* Your objective
Reproduce word for word, from the entries below, the line with "X136029103Y-94563670D01*", the line with "X169383080Y-92679554D01*", and every line between them, and nothing more.

╭─ Records provided

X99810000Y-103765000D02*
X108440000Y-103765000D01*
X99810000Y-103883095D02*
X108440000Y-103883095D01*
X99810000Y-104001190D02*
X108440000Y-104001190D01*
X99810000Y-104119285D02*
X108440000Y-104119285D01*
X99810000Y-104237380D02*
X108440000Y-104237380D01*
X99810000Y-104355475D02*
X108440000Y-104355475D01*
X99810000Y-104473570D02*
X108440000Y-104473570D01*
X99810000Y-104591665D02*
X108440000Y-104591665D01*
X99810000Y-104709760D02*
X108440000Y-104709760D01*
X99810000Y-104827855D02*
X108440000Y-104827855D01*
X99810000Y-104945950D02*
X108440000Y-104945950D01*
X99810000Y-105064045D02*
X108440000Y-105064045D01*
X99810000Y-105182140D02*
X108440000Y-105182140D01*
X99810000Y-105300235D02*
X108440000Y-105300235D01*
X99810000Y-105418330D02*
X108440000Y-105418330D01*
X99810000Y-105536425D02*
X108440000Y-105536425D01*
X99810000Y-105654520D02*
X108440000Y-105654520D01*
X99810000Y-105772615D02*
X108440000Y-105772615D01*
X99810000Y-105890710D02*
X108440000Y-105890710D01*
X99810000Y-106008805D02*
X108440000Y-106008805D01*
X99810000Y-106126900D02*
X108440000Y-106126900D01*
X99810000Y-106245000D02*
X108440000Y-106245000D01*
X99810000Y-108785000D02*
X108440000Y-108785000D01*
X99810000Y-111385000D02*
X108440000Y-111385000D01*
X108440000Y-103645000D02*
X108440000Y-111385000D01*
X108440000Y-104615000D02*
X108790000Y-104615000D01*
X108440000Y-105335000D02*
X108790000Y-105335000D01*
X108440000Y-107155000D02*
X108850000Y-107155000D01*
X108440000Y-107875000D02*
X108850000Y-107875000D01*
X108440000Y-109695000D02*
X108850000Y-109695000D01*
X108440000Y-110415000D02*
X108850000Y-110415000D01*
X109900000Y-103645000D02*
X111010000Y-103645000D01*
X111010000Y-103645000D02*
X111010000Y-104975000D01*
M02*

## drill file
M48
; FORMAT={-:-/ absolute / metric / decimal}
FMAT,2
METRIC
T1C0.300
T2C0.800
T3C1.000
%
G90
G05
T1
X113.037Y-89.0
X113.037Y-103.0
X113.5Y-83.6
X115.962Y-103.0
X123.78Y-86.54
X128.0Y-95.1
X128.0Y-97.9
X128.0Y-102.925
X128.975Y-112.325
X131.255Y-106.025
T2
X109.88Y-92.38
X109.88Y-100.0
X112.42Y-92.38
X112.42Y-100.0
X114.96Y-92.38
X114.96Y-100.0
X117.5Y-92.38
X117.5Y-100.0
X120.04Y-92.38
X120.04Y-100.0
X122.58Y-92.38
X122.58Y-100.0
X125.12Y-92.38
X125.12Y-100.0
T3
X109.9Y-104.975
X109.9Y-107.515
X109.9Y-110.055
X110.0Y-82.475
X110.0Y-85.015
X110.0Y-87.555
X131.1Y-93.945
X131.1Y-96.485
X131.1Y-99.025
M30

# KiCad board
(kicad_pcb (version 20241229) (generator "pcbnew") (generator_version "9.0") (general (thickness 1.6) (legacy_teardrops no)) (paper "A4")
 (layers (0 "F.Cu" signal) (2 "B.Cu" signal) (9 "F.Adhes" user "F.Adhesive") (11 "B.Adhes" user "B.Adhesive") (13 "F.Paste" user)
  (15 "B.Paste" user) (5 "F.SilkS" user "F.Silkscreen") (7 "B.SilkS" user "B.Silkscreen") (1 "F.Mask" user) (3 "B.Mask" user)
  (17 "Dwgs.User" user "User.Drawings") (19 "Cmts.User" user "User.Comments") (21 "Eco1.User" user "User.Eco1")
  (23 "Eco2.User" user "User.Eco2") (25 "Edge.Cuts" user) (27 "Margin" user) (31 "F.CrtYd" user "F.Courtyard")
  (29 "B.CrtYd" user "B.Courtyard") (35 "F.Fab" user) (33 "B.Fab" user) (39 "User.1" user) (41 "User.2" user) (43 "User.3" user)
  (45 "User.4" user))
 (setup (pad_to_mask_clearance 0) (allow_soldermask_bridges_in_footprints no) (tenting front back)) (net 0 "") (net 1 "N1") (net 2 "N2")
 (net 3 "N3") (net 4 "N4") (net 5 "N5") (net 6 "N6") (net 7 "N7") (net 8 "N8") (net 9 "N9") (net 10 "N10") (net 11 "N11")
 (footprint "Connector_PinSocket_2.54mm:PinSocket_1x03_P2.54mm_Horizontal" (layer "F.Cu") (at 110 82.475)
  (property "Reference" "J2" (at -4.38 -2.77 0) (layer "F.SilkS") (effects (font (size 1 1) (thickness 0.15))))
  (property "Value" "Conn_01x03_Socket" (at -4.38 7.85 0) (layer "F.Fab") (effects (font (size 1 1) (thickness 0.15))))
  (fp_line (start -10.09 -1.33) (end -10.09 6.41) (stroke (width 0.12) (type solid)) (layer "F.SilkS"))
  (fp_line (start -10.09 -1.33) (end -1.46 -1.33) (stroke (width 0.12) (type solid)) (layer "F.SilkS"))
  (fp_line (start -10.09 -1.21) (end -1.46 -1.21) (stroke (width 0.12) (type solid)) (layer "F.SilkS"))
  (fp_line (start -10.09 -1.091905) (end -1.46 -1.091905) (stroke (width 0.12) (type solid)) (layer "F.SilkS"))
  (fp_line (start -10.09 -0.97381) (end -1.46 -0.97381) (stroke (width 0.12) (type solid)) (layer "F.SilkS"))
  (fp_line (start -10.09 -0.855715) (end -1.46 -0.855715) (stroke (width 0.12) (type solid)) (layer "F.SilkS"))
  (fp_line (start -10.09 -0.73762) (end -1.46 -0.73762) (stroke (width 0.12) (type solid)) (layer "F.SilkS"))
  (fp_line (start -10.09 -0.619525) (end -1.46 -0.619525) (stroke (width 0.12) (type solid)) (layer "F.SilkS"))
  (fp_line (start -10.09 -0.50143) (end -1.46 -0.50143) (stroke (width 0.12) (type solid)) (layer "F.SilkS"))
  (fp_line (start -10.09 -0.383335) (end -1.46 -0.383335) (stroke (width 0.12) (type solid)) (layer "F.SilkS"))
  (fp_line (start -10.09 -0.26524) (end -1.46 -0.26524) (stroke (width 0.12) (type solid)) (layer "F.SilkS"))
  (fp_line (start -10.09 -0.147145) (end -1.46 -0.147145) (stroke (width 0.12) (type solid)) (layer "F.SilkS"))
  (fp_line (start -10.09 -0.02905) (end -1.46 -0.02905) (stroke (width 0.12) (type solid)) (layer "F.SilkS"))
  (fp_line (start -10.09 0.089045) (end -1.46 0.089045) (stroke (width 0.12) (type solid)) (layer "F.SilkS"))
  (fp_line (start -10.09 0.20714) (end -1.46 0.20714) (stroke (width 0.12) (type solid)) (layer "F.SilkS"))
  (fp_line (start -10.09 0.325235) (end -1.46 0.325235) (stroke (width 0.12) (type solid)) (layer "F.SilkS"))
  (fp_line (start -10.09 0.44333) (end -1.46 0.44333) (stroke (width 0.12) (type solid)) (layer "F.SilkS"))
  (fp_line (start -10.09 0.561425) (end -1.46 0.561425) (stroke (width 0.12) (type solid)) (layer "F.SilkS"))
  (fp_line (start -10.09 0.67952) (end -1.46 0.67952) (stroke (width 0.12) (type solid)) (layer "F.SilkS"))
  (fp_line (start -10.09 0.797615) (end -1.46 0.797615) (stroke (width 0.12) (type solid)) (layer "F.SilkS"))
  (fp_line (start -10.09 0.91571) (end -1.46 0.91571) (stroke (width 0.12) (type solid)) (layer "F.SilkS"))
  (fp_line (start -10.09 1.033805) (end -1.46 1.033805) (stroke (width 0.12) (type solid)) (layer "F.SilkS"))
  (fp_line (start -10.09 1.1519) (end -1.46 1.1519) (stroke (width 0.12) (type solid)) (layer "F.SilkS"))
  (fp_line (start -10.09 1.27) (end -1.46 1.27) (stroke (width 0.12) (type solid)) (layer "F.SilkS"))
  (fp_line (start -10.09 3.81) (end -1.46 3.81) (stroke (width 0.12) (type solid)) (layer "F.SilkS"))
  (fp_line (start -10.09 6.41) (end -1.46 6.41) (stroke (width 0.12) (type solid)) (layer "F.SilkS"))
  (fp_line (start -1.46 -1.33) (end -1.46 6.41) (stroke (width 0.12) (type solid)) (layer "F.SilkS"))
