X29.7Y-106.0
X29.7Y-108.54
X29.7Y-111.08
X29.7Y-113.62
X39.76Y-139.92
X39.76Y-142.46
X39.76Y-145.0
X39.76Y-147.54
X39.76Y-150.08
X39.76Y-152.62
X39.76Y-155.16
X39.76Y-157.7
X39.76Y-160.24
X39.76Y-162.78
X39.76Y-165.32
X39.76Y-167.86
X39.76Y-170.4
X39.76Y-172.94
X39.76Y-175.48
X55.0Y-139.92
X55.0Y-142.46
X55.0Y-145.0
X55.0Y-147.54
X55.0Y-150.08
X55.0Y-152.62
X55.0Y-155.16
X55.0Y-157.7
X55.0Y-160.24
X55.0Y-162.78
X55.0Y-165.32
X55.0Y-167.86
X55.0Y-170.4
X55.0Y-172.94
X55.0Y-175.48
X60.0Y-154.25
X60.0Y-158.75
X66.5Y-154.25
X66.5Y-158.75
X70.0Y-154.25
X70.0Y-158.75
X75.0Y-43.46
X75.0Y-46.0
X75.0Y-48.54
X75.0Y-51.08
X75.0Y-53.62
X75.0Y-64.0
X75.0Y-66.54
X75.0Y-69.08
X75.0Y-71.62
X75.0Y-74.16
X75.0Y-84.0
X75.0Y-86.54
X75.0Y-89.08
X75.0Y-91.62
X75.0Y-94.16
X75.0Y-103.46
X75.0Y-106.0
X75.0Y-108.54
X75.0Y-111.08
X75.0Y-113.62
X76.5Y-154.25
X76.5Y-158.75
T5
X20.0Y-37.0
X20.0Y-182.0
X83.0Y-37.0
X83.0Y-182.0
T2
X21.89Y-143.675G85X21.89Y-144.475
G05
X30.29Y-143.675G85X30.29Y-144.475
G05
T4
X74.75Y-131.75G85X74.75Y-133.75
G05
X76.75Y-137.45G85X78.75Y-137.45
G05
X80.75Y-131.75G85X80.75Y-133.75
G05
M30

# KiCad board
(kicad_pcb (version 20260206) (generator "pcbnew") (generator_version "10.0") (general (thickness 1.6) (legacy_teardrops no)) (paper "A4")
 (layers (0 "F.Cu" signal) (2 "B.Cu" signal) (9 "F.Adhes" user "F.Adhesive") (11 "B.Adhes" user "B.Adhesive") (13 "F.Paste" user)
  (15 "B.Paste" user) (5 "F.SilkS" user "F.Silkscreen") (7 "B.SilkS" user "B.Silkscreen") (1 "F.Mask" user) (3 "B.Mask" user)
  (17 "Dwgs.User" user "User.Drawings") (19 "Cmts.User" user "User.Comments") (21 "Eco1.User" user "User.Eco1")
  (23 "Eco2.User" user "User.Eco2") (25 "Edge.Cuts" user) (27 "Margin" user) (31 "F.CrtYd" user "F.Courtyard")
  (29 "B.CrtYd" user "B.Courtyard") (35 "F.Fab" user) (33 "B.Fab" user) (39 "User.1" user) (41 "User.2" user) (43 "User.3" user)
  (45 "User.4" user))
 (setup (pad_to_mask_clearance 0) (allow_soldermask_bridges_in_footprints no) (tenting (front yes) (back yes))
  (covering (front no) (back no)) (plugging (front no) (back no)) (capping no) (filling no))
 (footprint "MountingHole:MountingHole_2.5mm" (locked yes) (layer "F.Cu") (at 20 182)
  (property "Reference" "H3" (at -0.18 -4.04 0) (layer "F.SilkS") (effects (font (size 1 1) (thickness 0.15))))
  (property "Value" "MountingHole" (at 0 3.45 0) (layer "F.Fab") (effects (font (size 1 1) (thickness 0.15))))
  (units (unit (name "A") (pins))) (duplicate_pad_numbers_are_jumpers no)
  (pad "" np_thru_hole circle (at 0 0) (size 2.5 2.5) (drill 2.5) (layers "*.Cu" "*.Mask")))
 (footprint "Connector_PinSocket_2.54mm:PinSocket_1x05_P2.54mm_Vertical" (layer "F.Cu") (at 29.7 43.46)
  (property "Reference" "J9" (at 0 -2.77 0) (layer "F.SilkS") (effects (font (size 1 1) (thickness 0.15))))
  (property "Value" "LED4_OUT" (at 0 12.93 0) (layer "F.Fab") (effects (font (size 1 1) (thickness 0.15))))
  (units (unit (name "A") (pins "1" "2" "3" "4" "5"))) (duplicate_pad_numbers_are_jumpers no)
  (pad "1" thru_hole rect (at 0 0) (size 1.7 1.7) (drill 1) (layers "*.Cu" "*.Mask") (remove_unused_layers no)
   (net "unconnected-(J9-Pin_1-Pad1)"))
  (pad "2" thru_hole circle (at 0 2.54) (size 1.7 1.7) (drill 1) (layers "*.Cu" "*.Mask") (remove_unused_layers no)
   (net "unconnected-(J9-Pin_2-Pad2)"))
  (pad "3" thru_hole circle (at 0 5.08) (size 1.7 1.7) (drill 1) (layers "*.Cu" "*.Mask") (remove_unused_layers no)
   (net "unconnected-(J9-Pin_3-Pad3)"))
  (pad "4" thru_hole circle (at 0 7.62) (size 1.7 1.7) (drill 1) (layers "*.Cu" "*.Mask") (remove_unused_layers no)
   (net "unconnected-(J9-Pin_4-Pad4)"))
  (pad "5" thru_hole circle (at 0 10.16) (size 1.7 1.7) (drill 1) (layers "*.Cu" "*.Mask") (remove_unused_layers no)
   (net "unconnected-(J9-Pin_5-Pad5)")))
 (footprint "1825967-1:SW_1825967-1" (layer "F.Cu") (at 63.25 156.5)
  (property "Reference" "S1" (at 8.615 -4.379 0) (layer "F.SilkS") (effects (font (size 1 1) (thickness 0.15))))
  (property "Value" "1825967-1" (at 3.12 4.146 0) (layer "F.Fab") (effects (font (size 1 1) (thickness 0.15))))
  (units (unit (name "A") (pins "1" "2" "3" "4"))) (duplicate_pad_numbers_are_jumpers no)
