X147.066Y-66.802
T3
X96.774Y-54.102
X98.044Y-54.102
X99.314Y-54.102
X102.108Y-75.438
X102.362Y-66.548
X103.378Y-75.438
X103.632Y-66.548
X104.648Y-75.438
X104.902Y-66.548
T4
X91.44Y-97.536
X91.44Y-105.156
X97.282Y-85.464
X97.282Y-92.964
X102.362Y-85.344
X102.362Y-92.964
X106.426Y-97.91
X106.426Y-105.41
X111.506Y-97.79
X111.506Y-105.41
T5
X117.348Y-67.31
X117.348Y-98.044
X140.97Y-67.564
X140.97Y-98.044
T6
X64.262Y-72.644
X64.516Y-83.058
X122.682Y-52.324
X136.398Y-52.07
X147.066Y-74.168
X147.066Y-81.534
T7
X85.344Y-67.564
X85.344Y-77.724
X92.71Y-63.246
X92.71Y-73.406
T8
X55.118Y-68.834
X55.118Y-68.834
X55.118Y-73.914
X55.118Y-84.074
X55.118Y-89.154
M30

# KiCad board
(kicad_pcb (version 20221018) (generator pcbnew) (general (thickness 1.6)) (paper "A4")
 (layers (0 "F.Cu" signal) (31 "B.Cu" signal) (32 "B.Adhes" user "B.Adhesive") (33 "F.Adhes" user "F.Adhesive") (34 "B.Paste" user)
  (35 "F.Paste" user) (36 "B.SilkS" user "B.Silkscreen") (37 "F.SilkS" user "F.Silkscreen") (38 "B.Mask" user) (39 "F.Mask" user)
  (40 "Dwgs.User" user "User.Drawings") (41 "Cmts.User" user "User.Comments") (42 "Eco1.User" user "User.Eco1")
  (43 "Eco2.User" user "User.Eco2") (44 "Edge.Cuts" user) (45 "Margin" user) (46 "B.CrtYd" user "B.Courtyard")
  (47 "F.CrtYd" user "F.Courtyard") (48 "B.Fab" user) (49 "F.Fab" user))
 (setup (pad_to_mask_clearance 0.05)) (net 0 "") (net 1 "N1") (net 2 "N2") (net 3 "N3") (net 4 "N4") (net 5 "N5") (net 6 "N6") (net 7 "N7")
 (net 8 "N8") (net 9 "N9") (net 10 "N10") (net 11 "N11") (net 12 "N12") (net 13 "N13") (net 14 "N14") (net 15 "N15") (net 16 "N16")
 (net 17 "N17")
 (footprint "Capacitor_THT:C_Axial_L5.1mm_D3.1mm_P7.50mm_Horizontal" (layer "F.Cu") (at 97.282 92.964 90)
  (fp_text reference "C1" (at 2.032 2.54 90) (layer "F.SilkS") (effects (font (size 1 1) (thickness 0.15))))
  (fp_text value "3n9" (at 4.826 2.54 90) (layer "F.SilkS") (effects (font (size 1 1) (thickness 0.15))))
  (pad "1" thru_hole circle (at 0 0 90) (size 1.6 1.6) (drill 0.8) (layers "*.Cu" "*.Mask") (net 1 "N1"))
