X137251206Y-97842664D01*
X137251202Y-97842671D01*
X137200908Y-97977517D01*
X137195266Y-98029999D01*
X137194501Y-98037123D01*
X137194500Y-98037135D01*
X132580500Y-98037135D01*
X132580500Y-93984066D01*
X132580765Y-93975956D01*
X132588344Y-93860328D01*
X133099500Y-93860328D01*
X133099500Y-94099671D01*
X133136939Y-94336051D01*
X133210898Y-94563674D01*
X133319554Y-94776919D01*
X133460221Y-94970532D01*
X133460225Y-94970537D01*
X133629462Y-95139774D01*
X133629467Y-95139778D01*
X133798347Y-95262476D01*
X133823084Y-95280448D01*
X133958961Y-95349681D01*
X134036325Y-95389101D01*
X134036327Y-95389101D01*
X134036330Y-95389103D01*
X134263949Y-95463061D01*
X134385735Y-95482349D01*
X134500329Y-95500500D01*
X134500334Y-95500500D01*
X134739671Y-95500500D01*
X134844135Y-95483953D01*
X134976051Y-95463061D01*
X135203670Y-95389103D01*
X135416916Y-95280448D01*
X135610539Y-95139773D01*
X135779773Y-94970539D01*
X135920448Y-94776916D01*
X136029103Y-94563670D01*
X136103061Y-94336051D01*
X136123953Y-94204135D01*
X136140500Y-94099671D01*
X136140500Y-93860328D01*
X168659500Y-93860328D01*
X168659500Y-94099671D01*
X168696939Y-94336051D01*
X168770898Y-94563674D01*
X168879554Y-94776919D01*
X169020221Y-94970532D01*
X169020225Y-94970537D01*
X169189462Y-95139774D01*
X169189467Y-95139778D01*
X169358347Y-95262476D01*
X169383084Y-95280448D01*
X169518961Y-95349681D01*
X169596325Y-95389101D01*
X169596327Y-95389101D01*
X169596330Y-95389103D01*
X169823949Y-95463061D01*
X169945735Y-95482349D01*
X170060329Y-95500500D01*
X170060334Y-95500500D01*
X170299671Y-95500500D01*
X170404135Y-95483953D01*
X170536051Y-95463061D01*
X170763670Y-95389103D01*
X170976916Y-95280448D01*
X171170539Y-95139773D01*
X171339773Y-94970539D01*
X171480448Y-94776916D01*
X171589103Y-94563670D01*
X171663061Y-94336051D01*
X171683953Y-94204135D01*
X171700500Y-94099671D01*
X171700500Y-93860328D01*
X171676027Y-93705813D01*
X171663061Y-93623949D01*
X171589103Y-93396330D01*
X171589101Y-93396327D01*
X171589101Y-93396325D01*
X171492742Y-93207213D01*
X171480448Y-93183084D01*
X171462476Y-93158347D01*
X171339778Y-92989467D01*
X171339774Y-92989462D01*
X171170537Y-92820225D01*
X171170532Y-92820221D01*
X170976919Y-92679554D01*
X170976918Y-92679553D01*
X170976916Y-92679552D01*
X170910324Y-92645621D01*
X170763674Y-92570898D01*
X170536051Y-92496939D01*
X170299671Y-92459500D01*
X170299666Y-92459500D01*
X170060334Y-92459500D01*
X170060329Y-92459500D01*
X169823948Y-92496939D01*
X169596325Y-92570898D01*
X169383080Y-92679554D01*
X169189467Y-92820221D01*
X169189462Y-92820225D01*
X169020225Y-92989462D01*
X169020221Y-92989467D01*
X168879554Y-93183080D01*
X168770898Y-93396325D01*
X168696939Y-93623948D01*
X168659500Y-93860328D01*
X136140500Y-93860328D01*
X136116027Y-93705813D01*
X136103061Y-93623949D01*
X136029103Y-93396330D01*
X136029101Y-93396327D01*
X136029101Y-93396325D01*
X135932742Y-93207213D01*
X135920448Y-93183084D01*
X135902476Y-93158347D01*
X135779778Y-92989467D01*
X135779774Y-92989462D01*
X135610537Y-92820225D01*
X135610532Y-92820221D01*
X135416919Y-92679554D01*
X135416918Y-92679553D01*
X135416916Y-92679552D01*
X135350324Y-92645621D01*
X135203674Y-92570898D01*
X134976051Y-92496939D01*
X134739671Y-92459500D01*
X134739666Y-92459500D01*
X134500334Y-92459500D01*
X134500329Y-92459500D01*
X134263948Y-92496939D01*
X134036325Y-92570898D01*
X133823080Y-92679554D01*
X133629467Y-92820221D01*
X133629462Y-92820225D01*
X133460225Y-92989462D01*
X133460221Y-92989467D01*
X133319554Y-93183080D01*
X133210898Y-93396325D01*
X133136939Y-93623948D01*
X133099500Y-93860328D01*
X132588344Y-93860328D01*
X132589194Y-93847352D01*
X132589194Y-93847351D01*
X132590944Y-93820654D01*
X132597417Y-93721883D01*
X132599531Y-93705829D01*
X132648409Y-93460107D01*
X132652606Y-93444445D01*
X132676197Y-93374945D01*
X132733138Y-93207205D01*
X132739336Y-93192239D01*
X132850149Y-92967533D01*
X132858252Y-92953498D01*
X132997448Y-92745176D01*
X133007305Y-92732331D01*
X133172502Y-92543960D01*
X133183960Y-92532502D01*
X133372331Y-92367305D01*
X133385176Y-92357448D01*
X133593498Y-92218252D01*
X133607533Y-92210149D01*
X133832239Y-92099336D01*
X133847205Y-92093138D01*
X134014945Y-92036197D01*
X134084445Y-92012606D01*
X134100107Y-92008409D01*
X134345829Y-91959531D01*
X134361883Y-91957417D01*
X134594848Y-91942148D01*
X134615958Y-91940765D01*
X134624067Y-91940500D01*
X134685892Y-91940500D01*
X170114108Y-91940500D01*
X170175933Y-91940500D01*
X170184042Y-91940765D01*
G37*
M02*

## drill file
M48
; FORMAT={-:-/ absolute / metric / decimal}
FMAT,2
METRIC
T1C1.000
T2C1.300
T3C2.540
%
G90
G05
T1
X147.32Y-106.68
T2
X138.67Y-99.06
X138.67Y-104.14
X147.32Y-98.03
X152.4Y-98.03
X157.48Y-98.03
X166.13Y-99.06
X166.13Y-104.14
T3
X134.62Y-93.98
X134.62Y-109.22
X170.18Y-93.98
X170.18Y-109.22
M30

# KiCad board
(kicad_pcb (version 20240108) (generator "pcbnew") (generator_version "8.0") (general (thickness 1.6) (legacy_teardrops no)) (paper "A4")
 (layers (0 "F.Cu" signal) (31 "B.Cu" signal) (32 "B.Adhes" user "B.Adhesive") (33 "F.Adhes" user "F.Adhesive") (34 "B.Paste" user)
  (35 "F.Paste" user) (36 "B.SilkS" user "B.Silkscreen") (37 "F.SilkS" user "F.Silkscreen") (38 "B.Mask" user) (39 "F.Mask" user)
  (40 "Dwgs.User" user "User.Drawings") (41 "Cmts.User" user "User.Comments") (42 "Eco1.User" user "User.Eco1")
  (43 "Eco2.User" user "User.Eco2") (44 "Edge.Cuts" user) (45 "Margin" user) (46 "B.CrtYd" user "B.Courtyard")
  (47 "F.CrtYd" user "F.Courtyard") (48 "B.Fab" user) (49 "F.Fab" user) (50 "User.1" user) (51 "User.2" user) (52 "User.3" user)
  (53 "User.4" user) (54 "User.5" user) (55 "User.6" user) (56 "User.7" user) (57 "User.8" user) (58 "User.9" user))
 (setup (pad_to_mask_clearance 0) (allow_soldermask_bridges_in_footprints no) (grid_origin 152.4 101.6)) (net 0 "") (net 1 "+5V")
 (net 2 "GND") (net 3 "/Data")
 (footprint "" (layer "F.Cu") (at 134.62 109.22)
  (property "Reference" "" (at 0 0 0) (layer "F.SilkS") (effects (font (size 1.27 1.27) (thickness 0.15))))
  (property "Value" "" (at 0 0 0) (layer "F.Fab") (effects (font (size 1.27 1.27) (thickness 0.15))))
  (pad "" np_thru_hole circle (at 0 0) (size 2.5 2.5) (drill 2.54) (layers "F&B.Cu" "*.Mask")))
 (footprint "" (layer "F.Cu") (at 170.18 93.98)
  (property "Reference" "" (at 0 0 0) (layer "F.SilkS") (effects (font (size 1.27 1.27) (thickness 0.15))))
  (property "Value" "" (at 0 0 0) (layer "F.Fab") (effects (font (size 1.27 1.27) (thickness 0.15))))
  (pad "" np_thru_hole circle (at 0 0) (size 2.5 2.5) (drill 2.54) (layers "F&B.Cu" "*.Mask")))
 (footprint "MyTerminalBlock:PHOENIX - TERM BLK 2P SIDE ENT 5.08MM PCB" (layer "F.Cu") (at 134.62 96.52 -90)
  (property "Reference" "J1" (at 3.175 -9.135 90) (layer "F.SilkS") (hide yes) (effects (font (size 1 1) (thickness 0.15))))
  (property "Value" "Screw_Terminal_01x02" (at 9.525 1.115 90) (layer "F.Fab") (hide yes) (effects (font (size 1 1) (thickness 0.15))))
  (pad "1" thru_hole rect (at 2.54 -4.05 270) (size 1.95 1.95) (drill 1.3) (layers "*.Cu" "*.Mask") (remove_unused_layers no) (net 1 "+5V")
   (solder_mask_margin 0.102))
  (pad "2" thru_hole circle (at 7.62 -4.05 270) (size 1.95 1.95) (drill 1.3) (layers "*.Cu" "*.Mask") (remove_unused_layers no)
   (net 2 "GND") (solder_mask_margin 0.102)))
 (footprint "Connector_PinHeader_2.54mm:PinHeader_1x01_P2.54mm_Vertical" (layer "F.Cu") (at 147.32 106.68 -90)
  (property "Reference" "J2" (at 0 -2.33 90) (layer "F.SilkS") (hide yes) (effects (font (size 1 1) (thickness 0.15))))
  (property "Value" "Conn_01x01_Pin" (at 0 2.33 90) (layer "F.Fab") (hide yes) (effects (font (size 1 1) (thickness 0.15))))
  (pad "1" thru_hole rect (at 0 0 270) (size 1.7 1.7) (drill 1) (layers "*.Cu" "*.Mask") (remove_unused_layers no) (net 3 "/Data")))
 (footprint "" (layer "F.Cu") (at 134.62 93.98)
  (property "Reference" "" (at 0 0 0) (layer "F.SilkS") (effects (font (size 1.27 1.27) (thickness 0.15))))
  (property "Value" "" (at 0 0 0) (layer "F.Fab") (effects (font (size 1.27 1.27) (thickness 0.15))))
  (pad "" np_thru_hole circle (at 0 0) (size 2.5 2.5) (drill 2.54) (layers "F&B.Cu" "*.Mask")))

╰─

* Answer space
X136029103Y-94563670D01*
X136103061Y-94336051D01*
X136123953Y-94204135D01*
X136140500Y-94099671D01*
X136140500Y-93860328D01*
X168659500Y-93860328D01*
X168659500Y-94099671D01*
X168696939Y-94336051D01*
X168770898Y-94563674D01*
X168879554Y-94776919D01*
X169020221Y-94970532D01*
X169020225Y-94970537D01*
X169189462Y-95139774D01*
X169189467Y-95139778D01*
X169358347Y-95262476D01*
X169383084Y-95280448D01*
X169518961Y-95349681D01*
X169596325Y-95389101D01*
X169596327Y-95389101D01*
X169596330Y-95389103D01*
X169823949Y-95463061D01*
X169945735Y-95482349D01*
X170060329Y-95500500D01*
X170060334Y-95500500D01*
X170299671Y-95500500D01*
X170404135Y-95483953D01*
X170536051Y-95463061D01*
X170763670Y-95389103D01*
X170976916Y-95280448D01*
X171170539Y-95139773D01*
X171339773Y-94970539D01*
X171480448Y-94776916D01*
X171589103Y-94563670D01*
X171663061Y-94336051D01*
X171683953Y-94204135D01*
X171700500Y-94099671D01*
X171700500Y-93860328D01*
X171676027Y-93705813D01*
X171663061Y-93623949D01*
X171589103Y-93396330D01*
X171589101Y-93396327D01*
X171589101Y-93396325D01*
X171492742Y-93207213D01*
X171480448Y-93183084D01*
X171462476Y-93158347D01*
X171339778Y-92989467D01*
X171339774Y-92989462D01*
X171170537Y-92820225D01*
X171170532Y-92820221D01*
X170976919Y-92679554D01*
X170976918Y-92679553D01*
X170976916Y-92679552D01*
X170910324Y-92645621D01*
X170763674Y-92570898D01*
X170536051Y-92496939D01*
X170299671Y-92459500D01*
X170299666Y-92459500D01*
X170060334Y-92459500D01*
X170060329Y-92459500D01*
X169823948Y-92496939D01*
X169596325Y-92570898D01*
X169383080Y-92679554D01*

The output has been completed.